Resumen de Seguimiento de la respuesta inmune generada tras la administración de varias proteínas de Leishmania infantum en ratones BALB/c. Análisis de la diversidad generada en el repertorio CDR3 y su relación con la inmunización y el desarrollo de la patología inducida por Leishmania

Lina Jimena Cortés Salinas

• Cutaneous leishmaniasis is a common tropical disease and at present it is considered a worldwide health problem. As deduced from a large number of publications the understanding of the components involved in susceptibility or disease control has substantially increased. They have provided, moreover, clues to design effective vaccines against this fastidious pathogen. Until now a large number of vaccines have been tested. Although some of them can generate a robust response to control the disease in animal models, only one is in phase 1 trial in humans. Thus, further research is needed to have a deeper understanding of the infection and the disease. The use of vaccine subunits composed by characterized antigens could be an effective solution to control Leishmaniasis. Actually there is no vaccine developed for humans. Therefore intense studies in heterologous system are crucial to understand the mechanisms of the immune response against the pathogen.

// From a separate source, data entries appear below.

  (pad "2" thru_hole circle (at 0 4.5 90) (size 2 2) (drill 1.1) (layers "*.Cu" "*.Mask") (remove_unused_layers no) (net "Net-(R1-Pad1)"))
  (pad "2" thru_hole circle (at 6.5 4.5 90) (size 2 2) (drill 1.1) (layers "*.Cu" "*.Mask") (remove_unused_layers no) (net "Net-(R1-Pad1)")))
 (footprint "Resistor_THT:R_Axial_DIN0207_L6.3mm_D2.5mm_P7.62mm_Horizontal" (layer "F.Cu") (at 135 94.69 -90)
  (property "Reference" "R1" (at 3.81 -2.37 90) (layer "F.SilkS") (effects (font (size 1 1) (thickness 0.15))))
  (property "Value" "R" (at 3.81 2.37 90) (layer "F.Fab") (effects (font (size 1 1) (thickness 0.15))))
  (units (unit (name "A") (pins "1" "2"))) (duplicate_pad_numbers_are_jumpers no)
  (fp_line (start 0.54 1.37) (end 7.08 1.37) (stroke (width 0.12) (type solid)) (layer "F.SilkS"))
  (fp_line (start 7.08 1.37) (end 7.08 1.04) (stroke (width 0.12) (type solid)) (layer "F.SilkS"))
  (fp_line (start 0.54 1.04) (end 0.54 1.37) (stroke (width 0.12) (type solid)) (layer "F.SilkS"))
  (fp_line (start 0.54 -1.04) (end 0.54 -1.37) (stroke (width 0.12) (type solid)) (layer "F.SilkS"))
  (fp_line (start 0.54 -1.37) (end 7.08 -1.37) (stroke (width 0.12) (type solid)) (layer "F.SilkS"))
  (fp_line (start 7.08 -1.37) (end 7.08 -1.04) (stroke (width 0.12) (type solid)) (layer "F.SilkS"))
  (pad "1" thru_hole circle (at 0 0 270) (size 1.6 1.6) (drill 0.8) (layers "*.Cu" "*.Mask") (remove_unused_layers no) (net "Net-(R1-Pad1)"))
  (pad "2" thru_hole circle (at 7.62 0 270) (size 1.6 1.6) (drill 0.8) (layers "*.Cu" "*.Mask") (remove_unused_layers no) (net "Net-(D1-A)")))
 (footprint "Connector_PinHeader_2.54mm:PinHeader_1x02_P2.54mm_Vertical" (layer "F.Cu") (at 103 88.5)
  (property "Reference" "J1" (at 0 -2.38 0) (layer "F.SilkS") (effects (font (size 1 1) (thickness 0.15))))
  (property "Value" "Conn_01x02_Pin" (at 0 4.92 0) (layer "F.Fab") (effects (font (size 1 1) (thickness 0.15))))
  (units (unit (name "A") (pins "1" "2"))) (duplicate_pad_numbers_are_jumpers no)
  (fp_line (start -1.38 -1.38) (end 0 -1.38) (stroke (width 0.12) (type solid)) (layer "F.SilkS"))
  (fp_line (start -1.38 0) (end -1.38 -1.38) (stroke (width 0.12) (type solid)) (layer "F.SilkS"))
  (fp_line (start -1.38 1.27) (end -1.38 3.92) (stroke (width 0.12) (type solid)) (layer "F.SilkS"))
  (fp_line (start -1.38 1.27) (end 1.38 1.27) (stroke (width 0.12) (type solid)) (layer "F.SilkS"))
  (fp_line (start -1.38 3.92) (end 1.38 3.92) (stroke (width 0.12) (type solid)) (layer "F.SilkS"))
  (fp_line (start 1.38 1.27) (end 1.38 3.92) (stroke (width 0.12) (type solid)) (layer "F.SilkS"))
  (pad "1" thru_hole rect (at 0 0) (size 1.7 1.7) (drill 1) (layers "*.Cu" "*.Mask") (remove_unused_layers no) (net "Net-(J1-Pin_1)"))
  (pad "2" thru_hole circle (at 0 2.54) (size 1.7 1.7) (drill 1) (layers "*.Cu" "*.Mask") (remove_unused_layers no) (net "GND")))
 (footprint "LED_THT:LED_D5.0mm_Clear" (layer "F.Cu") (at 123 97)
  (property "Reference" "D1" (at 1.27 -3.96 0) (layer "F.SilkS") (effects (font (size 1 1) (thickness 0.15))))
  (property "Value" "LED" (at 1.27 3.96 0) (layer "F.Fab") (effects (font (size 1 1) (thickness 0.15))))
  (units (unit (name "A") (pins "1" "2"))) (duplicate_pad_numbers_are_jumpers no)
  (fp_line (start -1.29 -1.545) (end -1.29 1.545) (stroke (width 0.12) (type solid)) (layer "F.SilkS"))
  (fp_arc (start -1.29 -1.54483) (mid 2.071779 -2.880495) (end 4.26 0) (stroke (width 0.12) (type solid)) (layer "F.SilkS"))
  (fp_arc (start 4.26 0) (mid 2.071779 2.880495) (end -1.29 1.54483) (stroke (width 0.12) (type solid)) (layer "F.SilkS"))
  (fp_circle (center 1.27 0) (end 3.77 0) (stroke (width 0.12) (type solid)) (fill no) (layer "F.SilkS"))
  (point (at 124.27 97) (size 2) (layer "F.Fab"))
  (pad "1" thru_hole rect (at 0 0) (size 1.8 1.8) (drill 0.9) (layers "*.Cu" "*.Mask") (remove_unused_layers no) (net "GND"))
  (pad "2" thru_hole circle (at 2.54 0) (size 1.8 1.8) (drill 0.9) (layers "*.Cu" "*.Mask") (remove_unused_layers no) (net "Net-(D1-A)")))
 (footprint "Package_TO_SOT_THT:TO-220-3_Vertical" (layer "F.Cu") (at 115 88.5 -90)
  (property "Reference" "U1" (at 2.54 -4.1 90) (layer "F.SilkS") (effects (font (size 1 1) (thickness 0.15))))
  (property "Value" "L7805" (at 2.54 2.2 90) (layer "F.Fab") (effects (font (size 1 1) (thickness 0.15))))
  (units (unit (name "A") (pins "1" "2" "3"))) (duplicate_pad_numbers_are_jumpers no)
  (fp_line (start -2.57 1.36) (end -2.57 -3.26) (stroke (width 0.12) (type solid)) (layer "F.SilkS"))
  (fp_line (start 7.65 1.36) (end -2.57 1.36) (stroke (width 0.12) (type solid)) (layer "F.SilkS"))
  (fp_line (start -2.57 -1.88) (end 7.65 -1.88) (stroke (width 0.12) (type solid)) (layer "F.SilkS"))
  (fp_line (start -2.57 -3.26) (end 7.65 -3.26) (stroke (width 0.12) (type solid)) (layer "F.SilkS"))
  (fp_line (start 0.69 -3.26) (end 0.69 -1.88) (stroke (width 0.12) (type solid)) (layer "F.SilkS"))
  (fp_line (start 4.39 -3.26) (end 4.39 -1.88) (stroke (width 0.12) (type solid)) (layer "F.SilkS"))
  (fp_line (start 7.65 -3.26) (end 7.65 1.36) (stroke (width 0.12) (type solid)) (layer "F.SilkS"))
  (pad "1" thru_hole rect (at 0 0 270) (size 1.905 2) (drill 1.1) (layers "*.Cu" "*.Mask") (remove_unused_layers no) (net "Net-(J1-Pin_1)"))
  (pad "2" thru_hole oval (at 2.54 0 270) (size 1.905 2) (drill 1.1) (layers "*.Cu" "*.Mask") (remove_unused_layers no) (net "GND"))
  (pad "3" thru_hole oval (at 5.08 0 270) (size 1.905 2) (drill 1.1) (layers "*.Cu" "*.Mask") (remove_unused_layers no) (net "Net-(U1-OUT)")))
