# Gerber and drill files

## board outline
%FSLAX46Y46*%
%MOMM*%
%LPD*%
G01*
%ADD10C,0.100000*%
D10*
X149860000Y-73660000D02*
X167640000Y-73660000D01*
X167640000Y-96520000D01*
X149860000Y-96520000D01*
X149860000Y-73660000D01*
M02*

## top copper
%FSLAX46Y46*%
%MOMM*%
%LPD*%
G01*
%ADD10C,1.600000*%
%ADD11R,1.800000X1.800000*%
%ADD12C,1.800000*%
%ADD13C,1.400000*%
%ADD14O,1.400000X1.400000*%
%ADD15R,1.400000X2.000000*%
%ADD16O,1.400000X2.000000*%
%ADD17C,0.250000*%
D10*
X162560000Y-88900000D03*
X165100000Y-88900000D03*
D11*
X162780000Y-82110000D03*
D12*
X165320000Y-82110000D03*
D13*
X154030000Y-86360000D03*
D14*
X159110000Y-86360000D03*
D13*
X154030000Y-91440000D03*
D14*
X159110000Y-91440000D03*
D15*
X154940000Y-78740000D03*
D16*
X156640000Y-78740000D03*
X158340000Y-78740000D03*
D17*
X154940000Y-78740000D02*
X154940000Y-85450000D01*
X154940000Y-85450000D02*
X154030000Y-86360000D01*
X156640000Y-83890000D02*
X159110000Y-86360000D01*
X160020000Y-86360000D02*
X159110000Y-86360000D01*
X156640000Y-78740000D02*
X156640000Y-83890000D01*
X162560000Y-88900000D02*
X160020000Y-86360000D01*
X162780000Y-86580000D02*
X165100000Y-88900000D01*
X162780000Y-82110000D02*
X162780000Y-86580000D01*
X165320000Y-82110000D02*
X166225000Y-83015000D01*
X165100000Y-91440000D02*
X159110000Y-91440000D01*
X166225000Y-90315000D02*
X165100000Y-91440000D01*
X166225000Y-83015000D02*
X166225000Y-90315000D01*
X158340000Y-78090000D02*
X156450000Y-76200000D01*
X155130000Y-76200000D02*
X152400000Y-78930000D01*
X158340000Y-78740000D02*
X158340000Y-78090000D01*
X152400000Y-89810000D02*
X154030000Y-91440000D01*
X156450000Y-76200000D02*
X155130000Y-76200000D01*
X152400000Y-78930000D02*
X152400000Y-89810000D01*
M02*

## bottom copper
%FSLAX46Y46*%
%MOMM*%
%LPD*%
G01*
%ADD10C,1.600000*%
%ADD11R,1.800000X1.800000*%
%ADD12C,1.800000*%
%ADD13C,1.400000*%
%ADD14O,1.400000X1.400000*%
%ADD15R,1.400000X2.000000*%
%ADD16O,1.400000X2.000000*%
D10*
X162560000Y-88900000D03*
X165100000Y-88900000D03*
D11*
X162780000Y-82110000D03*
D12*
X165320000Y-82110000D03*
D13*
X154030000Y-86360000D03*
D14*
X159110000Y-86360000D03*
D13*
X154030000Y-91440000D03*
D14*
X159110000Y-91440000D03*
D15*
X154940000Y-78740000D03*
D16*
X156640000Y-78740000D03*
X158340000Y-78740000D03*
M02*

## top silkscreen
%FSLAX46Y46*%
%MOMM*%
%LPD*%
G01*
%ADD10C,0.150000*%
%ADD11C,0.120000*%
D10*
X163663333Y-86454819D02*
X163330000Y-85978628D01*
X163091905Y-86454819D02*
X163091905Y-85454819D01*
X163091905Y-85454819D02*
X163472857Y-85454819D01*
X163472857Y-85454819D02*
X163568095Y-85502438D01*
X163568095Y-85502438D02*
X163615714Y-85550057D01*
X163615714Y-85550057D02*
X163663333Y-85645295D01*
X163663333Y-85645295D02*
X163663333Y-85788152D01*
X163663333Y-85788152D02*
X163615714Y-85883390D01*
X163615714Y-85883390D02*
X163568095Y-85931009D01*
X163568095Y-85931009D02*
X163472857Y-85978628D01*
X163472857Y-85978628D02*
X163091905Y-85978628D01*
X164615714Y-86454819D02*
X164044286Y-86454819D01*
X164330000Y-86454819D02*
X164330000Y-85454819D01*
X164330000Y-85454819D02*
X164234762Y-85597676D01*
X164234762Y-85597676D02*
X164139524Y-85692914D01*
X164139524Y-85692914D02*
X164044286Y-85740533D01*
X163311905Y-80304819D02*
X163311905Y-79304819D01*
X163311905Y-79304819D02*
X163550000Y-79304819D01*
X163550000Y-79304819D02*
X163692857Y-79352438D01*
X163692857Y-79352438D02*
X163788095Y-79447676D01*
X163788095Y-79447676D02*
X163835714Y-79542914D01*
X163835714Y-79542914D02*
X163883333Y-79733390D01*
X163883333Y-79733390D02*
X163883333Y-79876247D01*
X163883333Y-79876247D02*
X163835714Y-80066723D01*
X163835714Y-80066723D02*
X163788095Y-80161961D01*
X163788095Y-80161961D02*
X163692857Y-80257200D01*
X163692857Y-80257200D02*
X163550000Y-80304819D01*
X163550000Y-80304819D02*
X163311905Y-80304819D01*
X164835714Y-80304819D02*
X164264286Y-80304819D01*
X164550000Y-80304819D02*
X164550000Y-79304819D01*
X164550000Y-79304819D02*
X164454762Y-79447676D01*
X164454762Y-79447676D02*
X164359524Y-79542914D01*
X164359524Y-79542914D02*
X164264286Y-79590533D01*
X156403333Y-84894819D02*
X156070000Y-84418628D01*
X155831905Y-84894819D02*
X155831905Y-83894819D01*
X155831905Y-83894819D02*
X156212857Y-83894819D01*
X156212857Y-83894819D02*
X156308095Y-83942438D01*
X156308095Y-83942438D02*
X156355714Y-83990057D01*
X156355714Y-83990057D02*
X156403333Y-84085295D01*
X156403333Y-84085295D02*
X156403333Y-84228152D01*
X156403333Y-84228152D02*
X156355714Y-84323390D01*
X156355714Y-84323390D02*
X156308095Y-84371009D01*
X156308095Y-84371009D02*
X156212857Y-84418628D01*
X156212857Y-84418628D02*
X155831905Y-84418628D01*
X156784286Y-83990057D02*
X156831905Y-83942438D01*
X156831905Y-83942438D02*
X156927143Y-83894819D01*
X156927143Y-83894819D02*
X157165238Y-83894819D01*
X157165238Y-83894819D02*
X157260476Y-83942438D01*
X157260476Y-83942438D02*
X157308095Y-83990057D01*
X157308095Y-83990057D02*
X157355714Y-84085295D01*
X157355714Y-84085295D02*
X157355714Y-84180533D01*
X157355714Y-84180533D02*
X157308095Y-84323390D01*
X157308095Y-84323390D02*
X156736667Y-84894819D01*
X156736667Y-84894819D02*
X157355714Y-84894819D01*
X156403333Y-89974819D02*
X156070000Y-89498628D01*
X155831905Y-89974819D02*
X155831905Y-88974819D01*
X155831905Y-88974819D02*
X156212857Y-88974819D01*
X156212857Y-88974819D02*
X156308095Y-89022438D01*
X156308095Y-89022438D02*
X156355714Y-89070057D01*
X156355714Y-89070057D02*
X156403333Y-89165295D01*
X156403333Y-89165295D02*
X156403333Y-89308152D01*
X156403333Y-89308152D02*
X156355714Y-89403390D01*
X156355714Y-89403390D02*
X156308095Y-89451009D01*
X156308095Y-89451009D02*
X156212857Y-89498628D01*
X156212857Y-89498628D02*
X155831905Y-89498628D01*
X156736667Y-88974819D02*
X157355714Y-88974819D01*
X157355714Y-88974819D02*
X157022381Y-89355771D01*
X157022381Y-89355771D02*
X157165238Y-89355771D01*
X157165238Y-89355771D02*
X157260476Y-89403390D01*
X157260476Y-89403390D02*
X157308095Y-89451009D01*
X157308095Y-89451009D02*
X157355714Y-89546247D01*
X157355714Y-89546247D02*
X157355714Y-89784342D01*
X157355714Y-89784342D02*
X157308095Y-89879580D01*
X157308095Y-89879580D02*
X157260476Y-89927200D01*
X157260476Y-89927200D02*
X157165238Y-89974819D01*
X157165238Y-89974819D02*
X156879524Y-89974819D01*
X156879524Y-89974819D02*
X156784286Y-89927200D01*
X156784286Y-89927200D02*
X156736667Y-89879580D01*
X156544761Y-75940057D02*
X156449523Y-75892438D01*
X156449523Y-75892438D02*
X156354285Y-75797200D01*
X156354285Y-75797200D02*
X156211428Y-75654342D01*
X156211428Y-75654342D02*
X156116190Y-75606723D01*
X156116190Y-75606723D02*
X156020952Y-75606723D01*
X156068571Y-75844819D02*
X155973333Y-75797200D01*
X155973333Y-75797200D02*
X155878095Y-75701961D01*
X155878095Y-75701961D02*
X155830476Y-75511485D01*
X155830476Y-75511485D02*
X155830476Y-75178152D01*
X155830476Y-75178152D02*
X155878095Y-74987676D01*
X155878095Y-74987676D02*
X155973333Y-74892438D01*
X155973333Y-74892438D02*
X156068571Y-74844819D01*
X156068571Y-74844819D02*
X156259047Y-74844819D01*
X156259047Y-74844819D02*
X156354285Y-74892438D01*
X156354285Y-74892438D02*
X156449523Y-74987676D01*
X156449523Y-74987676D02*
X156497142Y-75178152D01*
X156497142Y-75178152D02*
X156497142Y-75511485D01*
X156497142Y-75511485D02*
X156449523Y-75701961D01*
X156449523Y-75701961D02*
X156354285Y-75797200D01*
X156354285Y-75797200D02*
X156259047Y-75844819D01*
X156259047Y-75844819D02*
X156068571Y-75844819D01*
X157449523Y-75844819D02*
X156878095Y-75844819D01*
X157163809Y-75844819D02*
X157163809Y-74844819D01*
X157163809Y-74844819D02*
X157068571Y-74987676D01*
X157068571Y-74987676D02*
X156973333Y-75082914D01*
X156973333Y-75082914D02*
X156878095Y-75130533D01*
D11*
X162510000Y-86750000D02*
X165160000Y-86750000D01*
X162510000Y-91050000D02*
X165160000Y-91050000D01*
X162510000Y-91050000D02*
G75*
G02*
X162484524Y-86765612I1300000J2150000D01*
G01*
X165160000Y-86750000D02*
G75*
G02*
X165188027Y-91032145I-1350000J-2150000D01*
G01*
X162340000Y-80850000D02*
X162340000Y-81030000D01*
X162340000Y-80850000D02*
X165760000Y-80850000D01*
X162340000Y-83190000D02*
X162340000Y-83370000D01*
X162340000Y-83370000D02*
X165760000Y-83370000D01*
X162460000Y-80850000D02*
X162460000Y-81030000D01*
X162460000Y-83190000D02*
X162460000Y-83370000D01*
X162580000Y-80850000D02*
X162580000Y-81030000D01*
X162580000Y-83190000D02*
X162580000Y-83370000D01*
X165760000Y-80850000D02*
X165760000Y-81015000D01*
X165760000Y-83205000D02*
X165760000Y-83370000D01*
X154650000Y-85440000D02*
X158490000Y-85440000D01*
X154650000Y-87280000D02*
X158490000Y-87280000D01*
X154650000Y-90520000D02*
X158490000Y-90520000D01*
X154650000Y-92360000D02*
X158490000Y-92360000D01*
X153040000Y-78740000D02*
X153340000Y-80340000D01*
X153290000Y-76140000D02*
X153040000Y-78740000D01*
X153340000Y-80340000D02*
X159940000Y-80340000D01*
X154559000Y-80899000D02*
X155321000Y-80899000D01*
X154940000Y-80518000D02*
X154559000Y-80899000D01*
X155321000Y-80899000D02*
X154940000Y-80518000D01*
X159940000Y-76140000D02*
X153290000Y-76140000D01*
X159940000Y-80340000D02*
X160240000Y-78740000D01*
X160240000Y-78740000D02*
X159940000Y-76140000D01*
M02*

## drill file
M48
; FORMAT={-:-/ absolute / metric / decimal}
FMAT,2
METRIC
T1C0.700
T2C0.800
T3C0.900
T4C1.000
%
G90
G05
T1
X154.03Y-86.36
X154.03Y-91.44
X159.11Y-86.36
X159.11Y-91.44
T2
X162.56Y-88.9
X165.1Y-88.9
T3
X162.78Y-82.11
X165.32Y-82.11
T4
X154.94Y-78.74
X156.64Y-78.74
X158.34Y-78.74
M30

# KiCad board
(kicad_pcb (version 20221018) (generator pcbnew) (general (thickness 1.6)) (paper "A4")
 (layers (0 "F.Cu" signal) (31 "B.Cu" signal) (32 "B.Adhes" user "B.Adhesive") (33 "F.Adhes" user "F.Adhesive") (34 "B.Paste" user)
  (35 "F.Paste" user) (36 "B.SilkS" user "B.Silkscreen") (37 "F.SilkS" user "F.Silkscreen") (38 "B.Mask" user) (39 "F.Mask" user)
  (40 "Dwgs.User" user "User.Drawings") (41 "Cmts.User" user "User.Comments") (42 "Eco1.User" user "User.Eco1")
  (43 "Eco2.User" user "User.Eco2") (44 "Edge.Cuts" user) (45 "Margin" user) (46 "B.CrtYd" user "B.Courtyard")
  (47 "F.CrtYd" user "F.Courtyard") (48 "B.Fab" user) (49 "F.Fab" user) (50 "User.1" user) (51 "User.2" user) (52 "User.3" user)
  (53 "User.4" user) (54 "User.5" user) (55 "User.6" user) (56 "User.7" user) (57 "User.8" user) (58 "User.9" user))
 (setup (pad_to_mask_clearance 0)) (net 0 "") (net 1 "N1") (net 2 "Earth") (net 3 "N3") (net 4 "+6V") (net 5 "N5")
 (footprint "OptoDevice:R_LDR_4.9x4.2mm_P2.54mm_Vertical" (layer "F.Cu") (at 162.56 88.9)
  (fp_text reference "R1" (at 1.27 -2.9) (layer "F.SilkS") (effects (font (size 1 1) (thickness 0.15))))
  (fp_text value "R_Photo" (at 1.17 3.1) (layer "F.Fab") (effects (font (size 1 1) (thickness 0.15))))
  (fp_line (start -0.05 -2.15) (end 2.6 -2.15) (stroke (width 0.12) (type solid)) (layer "F.SilkS"))
  (fp_line (start -0.05 2.15) (end 2.6 2.15) (stroke (width 0.12) (type solid)) (layer "F.SilkS"))
  (fp_arc (start -0.05 2.15) (mid -1.262424 0.01494) (end -0.075476 -2.134388) (stroke (width 0.12) (type solid)) (layer "F.SilkS"))
  (fp_arc (start 2.6 -2.15) (mid 3.788646 -0.016616) (end 2.628027 2.132145) (stroke (width 0.12) (type solid)) (layer "F.SilkS"))
  (pad "1" thru_hole circle (at 0 0) (size 1.6 1.6) (drill 0.8) (layers "*.Cu" "*.Mask") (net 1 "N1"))
  (pad "2" thru_hole circle (at 2.54 0) (size 1.6 1.6) (drill 0.8) (layers "*.Cu" "*.Mask") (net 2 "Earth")))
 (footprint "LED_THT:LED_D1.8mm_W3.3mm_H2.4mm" (layer "F.Cu") (at 162.78 82.11)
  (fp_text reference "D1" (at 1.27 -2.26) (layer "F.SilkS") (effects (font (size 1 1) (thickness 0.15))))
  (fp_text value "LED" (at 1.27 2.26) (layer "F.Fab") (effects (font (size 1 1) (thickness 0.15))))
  (fp_line (start -0.44 -1.26) (end -0.44 -1.08) (stroke (width 0.12) (type solid)) (layer "F.SilkS"))
  (fp_line (start -0.44 -1.26) (end 2.98 -1.26) (stroke (width 0.12) (type solid)) (layer "F.SilkS"))
  (fp_line (start -0.44 1.08) (end -0.44 1.26) (stroke (width 0.12) (type solid)) (layer "F.SilkS"))
  (fp_line (start -0.44 1.26) (end 2.98 1.26) (stroke (width 0.12) (type solid)) (layer "F.SilkS"))
  (fp_line (start -0.32 -1.26) (end -0.32 -1.08) (stroke (width 0.12) (type solid)) (layer "F.SilkS"))
  (fp_line (start -0.32 1.08) (end -0.32 1.26) (stroke (width 0.12) (type solid)) (layer "F.SilkS"))
  (fp_line (start -0.2 -1.26) (end -0.2 -1.08) (stroke (width 0.12) (type solid)) (layer "F.SilkS"))
  (fp_line (start -0.2 1.08) (end -0.2 1.26) (stroke (width 0.12) (type solid)) (layer "F.SilkS"))
  (fp_line (start 2.98 -1.26) (end 2.98 -1.095) (stroke (width 0.12) (type solid)) (layer "F.SilkS"))
  (fp_line (start 2.98 1.095) (end 2.98 1.26) (stroke (width 0.12) (type solid)) (layer "F.SilkS"))
  (pad "1" thru_hole rect (at 0 0) (size 1.8 1.8) (drill 0.9) (layers "*.Cu" "*.Mask") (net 2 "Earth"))
  (pad "2" thru_hole circle (at 2.54 0) (size 1.8 1.8) (drill 0.9) (layers "*.Cu" "*.Mask") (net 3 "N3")))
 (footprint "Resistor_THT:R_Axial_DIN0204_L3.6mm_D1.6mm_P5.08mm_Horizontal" (layer "F.Cu") (at 154.03 86.36)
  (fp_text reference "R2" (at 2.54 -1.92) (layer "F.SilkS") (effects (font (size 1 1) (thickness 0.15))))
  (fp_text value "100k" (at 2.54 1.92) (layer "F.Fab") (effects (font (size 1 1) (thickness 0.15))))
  (fp_line (start 0.62 -0.92) (end 4.46 -0.92) (stroke (width 0.12) (type solid)) (layer "F.SilkS"))
  (fp_line (start 0.62 0.92) (end 4.46 0.92) (stroke (width 0.12) (type solid)) (layer "F.SilkS"))
  (pad "1" thru_hole circle (at 0 0) (size 1.4 1.4) (drill 0.7) (layers "*.Cu" "*.Mask") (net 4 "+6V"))
  (pad "2" thru_hole oval (at 5.08 0) (size 1.4 1.4) (drill 0.7) (layers "*.Cu" "*.Mask") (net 1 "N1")))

  In the present work the protective and immunogenic capacity of the Q Protein was evaluated in a L. major-susceptible BALB/c mouse model. The Protein Q is a molecule formed by the genetic fusion of fragments from the acidic ribosomal proteins LiP2a, LiP2b and LiP0 and the histone H2A (Soto, Requena et al. 1998). Due to the importance of the formulations for the effectiveness of any vaccine or pharmacological agent five different presentations of Q were used to inoculate the animals. The cellular response was evaluated measuring the expression levels of cytokine involved in Th1 or Th2 responses. Moreover, the production of different antibodies types (IgM, IgG, IgG1 and IgG2a) was used to determine the humoral response against the Q protein and its components, individually. All tested formulations induce a mixed Th1/Th2 response characterized by INF-¿, IL-10 e IL-13 expression combined with production of IgG1 and IgG2 antibodies. At the same time, we found that the immunogenic potential of the chimeric Q Protein was mainly due, in our assays, to the LiP2a and LiP2b determinants.

  Another relevant approach of this work was the analysis of the diversity of the TCR repertoire triggered after the immunization with Q as a recombinant protein and as a DNA vaccine. Here, we analyzed the TCRVß repertoire by complementarity-determining region 3 (CDR3) length spectratyping. After the stimulation with the Q protein, the mice inoculated with the pcDNA3Q (DNA vaccine) showed significant differences in the TCR repertoire relative to the mice inoculated with the Q recombinant protein. T Vß9, Vß12, Vß16 and Vß18 were the populations that mostly varied in this TCR-analysis comparison.

  After the evaluation of the humoral and cellular responses against the Q, we challenge the mice inoculated with the five different formulations using L. major parasites as the infection agent. Only two out of the five formulations tested generated a delay in the appearance of the footpad inflammation. Interestingly, this delay was only observed in 50% of the infected animals. The infected animals generated mixed Th1/Th2 responses against SLA. However when the spleen cells of these animals were stimulated with SLA they produced INF-¿ and iNOS.

  The TCR repertoire was also evaluated in the challenged animals. Similarities in the spectratype profiles were found in the mice that showed a delay in the development of footpad inflammation. Splenocytes of the infected animals stimulated with the Q protein presented changes in the same families (Vß9, Vß12, Vß16 and Vß18) that the animals that had been immunized but not challenged. Animals in which a delay in footpad inflammation was not detected showed significant differences in the T Vß2 and Vß12 families relative to the animals in which such delay was not observed, suggesting that these populations may be involved in the protective response against L. major.

  Soto, M., J. M. Requena, et al. (1998). "Multicomponent chimeric antigen for serodiagnosis of canine visceral leishmaniasis." J Clin Microbiol 36(1): 58-63.